What the task requires
From the line with "X152.4Y-93.98" through the line with "# KiCad board", repeat the entries verbatim, both end lines included, and add nothing.

[Entries taken from a collection]
----------------------------------------

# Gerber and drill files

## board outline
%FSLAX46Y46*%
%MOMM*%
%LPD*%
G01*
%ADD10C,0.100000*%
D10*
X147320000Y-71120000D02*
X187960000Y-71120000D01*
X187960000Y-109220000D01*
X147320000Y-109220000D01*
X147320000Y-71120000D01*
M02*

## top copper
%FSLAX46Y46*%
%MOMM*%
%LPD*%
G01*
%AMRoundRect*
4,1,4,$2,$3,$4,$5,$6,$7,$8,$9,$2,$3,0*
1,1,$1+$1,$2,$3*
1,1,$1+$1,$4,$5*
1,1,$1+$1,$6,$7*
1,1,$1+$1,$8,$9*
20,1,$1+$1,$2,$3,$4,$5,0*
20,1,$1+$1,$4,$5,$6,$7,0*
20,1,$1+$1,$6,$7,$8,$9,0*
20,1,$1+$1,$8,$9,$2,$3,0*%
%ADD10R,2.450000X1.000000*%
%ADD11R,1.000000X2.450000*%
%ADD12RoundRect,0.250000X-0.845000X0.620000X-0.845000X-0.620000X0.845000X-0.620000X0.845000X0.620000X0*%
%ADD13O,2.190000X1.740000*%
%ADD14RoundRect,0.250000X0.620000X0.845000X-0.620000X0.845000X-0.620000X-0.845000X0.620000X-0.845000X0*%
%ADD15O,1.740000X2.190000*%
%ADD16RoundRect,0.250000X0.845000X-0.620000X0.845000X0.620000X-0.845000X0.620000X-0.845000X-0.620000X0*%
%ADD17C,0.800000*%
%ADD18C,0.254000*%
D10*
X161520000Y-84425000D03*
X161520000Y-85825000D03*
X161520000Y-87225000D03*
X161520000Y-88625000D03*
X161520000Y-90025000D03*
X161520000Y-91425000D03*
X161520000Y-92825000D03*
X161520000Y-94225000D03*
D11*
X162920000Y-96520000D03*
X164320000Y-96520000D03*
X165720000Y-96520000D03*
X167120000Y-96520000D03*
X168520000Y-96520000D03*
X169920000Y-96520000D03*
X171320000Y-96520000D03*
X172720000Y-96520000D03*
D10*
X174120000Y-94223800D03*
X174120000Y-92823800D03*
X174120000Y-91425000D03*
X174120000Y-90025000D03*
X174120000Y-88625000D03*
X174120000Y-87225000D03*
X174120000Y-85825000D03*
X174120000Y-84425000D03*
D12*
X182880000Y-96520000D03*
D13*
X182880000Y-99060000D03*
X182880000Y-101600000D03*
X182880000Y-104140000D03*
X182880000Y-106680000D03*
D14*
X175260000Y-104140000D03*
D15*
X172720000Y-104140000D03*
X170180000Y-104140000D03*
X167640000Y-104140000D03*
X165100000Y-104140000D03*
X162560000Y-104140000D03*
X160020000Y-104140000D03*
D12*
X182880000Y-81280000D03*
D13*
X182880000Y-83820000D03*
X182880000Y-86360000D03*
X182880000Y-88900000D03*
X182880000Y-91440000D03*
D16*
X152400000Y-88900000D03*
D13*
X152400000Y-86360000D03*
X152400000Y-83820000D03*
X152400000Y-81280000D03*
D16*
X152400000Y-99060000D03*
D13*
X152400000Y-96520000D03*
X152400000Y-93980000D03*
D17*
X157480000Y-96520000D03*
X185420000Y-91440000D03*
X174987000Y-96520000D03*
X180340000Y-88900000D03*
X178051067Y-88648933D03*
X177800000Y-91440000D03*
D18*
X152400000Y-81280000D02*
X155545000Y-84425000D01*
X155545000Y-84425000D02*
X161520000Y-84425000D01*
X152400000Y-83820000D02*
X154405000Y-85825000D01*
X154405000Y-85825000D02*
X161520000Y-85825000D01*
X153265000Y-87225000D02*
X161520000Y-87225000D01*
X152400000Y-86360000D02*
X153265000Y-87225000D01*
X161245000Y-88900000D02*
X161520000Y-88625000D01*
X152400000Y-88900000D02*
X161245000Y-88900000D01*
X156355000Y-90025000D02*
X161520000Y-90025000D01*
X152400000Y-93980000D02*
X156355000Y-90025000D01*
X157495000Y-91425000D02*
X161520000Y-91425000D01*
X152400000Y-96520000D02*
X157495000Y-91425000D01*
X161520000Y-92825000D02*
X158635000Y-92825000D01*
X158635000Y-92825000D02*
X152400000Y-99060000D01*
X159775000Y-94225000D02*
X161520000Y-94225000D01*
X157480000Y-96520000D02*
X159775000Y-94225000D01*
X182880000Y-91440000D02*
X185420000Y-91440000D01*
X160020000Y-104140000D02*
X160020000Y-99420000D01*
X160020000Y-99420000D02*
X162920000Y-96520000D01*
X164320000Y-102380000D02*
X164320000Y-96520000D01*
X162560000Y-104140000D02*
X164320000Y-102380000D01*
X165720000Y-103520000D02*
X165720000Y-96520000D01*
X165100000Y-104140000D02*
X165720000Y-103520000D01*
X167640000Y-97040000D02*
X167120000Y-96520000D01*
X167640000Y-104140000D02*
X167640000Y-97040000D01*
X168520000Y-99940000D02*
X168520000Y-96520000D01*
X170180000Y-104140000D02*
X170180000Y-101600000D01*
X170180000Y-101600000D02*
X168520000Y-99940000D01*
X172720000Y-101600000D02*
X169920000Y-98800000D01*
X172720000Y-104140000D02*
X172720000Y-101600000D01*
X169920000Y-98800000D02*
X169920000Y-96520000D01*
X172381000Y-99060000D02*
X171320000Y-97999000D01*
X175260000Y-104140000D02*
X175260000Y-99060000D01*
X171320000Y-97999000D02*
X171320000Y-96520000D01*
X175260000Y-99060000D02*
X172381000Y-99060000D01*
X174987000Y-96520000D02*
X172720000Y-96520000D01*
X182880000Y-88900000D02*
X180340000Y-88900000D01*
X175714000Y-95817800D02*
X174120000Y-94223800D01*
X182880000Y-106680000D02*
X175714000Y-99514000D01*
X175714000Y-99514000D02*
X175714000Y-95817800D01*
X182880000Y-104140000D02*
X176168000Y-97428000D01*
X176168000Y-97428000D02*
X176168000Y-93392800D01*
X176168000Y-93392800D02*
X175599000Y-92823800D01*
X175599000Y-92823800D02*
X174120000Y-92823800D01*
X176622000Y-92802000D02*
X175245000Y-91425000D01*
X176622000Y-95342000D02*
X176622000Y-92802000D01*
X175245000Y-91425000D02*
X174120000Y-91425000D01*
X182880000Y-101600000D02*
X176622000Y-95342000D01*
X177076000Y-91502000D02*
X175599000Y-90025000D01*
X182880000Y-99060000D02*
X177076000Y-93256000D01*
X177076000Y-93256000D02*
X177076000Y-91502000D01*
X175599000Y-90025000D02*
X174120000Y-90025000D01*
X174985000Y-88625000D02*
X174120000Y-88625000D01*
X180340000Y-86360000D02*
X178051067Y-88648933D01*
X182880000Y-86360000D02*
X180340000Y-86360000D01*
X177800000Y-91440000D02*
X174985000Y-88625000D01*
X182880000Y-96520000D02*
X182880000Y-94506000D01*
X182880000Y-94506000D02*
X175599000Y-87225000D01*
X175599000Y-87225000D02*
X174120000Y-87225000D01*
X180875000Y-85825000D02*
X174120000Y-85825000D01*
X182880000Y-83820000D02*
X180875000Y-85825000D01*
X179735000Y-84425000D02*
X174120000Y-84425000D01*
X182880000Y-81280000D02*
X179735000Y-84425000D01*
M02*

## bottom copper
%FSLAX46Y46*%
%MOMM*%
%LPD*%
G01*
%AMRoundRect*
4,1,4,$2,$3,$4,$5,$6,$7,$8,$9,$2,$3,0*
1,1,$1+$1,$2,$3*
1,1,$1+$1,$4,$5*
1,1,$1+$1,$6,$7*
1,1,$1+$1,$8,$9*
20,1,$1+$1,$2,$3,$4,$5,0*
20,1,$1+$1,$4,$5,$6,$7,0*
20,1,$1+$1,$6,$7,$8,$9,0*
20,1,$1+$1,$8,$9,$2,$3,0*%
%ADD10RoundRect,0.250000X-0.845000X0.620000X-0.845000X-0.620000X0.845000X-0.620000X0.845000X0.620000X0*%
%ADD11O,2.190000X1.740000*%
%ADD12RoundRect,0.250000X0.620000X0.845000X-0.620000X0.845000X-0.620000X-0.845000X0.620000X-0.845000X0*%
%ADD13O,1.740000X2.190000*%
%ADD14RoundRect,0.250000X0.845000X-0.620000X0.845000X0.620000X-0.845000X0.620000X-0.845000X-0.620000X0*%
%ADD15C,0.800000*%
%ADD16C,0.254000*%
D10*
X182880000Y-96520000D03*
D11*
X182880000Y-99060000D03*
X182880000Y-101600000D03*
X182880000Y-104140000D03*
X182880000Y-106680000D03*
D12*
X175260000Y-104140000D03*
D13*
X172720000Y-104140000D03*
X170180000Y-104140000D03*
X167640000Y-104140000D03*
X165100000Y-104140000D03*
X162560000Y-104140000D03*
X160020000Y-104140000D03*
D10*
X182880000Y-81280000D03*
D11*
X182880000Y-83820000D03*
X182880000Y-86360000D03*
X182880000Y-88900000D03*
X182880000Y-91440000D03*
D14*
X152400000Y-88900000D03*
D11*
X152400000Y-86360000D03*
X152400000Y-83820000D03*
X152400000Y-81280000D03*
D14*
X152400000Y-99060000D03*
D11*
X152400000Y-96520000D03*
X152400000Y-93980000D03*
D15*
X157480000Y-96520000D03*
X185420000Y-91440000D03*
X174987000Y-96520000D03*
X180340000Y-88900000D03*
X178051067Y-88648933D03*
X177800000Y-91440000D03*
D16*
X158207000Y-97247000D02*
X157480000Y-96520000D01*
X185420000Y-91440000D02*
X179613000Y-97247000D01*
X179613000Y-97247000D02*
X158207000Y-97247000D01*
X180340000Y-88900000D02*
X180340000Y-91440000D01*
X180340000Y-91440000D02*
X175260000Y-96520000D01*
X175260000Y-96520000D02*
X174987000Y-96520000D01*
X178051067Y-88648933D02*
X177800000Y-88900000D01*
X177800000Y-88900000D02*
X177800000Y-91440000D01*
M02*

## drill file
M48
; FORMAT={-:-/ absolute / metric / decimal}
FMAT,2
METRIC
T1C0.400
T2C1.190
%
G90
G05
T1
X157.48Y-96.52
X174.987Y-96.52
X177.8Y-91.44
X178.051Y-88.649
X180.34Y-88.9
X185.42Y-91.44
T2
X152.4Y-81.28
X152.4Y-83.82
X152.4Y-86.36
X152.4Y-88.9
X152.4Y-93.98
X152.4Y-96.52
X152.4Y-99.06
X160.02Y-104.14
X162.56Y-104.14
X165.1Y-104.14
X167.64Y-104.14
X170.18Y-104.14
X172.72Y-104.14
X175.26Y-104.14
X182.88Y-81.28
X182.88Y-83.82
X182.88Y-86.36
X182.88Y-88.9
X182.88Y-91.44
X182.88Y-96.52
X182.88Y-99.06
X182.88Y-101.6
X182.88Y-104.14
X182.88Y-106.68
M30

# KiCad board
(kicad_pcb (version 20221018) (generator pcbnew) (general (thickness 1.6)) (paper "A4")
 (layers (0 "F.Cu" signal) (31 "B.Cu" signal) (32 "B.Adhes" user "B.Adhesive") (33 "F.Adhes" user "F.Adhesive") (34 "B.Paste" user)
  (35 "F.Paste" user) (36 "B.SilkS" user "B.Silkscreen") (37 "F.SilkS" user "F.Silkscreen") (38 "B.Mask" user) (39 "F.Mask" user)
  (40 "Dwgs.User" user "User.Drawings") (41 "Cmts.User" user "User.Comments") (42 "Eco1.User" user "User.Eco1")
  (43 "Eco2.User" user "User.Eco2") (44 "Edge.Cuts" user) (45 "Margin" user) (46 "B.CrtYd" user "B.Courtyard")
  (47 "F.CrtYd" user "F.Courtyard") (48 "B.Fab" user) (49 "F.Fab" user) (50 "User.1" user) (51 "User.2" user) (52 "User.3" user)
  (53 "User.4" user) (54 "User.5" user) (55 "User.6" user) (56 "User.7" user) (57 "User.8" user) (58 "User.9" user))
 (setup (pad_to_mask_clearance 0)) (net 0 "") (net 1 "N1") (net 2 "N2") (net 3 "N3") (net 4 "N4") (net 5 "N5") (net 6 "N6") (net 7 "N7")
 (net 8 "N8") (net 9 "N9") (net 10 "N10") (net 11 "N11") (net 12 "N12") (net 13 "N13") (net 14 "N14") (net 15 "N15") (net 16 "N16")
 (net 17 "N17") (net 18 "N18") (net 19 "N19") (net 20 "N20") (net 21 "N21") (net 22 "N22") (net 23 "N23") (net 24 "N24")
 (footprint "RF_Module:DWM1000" (layer "F.Cu") (at 167.82 85.2238)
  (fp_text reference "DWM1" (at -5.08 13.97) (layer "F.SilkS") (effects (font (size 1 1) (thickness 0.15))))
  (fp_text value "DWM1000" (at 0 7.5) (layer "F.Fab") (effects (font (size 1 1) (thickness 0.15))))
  (pad "1" smd rect (at -6.3 -0.7988 90) (size 1 2.45) (layers "F.Cu" "F.Paste" "F.Mask") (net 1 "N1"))
  (pad "2" smd rect (at -6.3 0.6012 90) (size 1 2.45) (layers "F.Cu" "F.Paste" "F.Mask") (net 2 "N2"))
  (pad "3" smd rect (at -6.3 2.0012 90) (size 1 2.45) (layers "F.Cu" "F.Paste" "F.Mask") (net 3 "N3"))
  (pad "4" smd rect (at -6.3 3.4012 90) (size 1 2.45) (layers "F.Cu" "F.Paste" "F.Mask") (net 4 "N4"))
  (pad "5" smd rect (at -6.3 4.8012 90) (size 1 2.45) (layers "F.Cu" "F.Paste" "F.Mask") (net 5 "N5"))
  (pad "6" smd rect (at -6.3 6.2012 90) (size 1 2.45) (layers "F.Cu" "F.Paste" "F.Mask") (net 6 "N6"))
  (pad "7" smd rect (at -6.3 7.6012 90) (size 1 2.45) (layers "F.Cu" "F.Paste" "F.Mask") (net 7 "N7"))
  (pad "8" smd rect (at -6.3 9.0012 90) (size 1 2.45) (layers "F.Cu" "F.Paste" "F.Mask") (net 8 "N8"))
  (pad "9" smd rect (at -4.9 11.2962) (size 1 2.45) (layers "F.Cu" "F.Paste" "F.Mask") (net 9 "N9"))
  (pad "10" smd rect (at -3.5 11.2962) (size 1 2.45) (layers "F.Cu" "F.Paste" "F.Mask") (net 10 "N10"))
  (pad "11" smd rect (at -2.1 11.2962) (size 1 2.45) (layers "F.Cu" "F.Paste" "F.Mask") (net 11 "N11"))
  (pad "12" smd rect (at -0.7 11.2962) (size 1 2.45) (layers "F.Cu" "F.Paste" "F.Mask") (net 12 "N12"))
  (pad "13" smd rect (at 0.7 11.2962) (size 1 2.45) (layers "F.Cu" "F.Paste" "F.Mask") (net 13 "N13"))
  (pad "14" smd rect (at 2.1 11.2962) (size 1 2.45) (layers "F.Cu" "F.Paste" "F.Mask") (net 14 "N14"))
  (pad "15" smd rect (at 3.5 11.2962) (size 1 2.45) (layers "F.Cu" "F.Paste" "F.Mask") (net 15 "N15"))
  (pad "16" smd rect (at 4.9 11.2962) (size 1 2.45) (layers "F.Cu" "F.Paste" "F.Mask") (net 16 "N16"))
  (pad "17" smd rect (at 6.3 9 90) (size 1 2.45) (layers "F.Cu" "F.Paste" "F.Mask") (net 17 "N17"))
  (pad "18" smd rect (at 6.3 7.6 90) (size 1 2.45) (layers "F.Cu" "F.Paste" "F.Mask") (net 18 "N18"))
  (pad "19" smd rect (at 6.3 6.2012 90) (size 1 2.45) (layers "F.Cu" "F.Paste" "F.Mask") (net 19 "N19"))
  (pad "20" smd rect (at 6.3 4.8012 90) (size 1 2.45) (layers "F.Cu" "F.Paste" "F.Mask") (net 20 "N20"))
  (pad "21" smd rect (at 6.3 3.4012 90) (size 1 2.45) (layers "F.Cu" "F.Paste" "F.Mask") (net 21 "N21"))
  (pad "22" smd rect (at 6.3 2.0012 90) (size 1 2.45) (layers "F.Cu" "F.Paste" "F.Mask") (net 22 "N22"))
  (pad "23" smd rect (at 6.3 0.6012 90) (size 1 2.45) (layers "F.Cu" "F.Paste" "F.Mask") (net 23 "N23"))
  (pad "24" smd rect (at 6.3 -0.7988 90) (size 1 2.45) (layers "F.Cu" "F.Paste" "F.Mask") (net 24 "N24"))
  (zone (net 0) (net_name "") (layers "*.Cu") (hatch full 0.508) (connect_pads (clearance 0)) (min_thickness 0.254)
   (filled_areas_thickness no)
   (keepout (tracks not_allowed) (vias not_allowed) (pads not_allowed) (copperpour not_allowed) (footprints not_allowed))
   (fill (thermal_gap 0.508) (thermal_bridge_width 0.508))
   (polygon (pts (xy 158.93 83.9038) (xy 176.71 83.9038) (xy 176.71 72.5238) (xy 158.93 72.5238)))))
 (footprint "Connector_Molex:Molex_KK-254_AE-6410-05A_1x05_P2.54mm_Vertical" (layer "F.Cu") (at 182.88 96.52 -90)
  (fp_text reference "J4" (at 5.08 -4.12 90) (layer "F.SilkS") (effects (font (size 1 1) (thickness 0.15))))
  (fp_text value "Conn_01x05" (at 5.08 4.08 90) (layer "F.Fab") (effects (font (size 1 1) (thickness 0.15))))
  (pad "1" thru_hole roundrect (at 0 0 270) (size 1.74 2.19) (drill 1.19) (layers "*.Cu" "*.Mask") (roundrect_rratio 0.1436781609)
   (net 22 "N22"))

----------------------------------------

Answer area
X152.4Y-93.98
X152.4Y-96.52
X152.4Y-99.06
X160.02Y-104.14
X162.56Y-104.14
X165.1Y-104.14
X167.64Y-104.14
X170.18Y-104.14
X172.72Y-104.14
X175.26Y-104.14
X182.88Y-81.28
X182.88Y-83.82
X182.88Y-86.36
X182.88Y-88.9
X182.88Y-91.44
X182.88Y-96.52
X182.88Y-99.06
X182.88Y-101.6
X182.88Y-104.14
X182.88Y-106.68
M30

# KiCad board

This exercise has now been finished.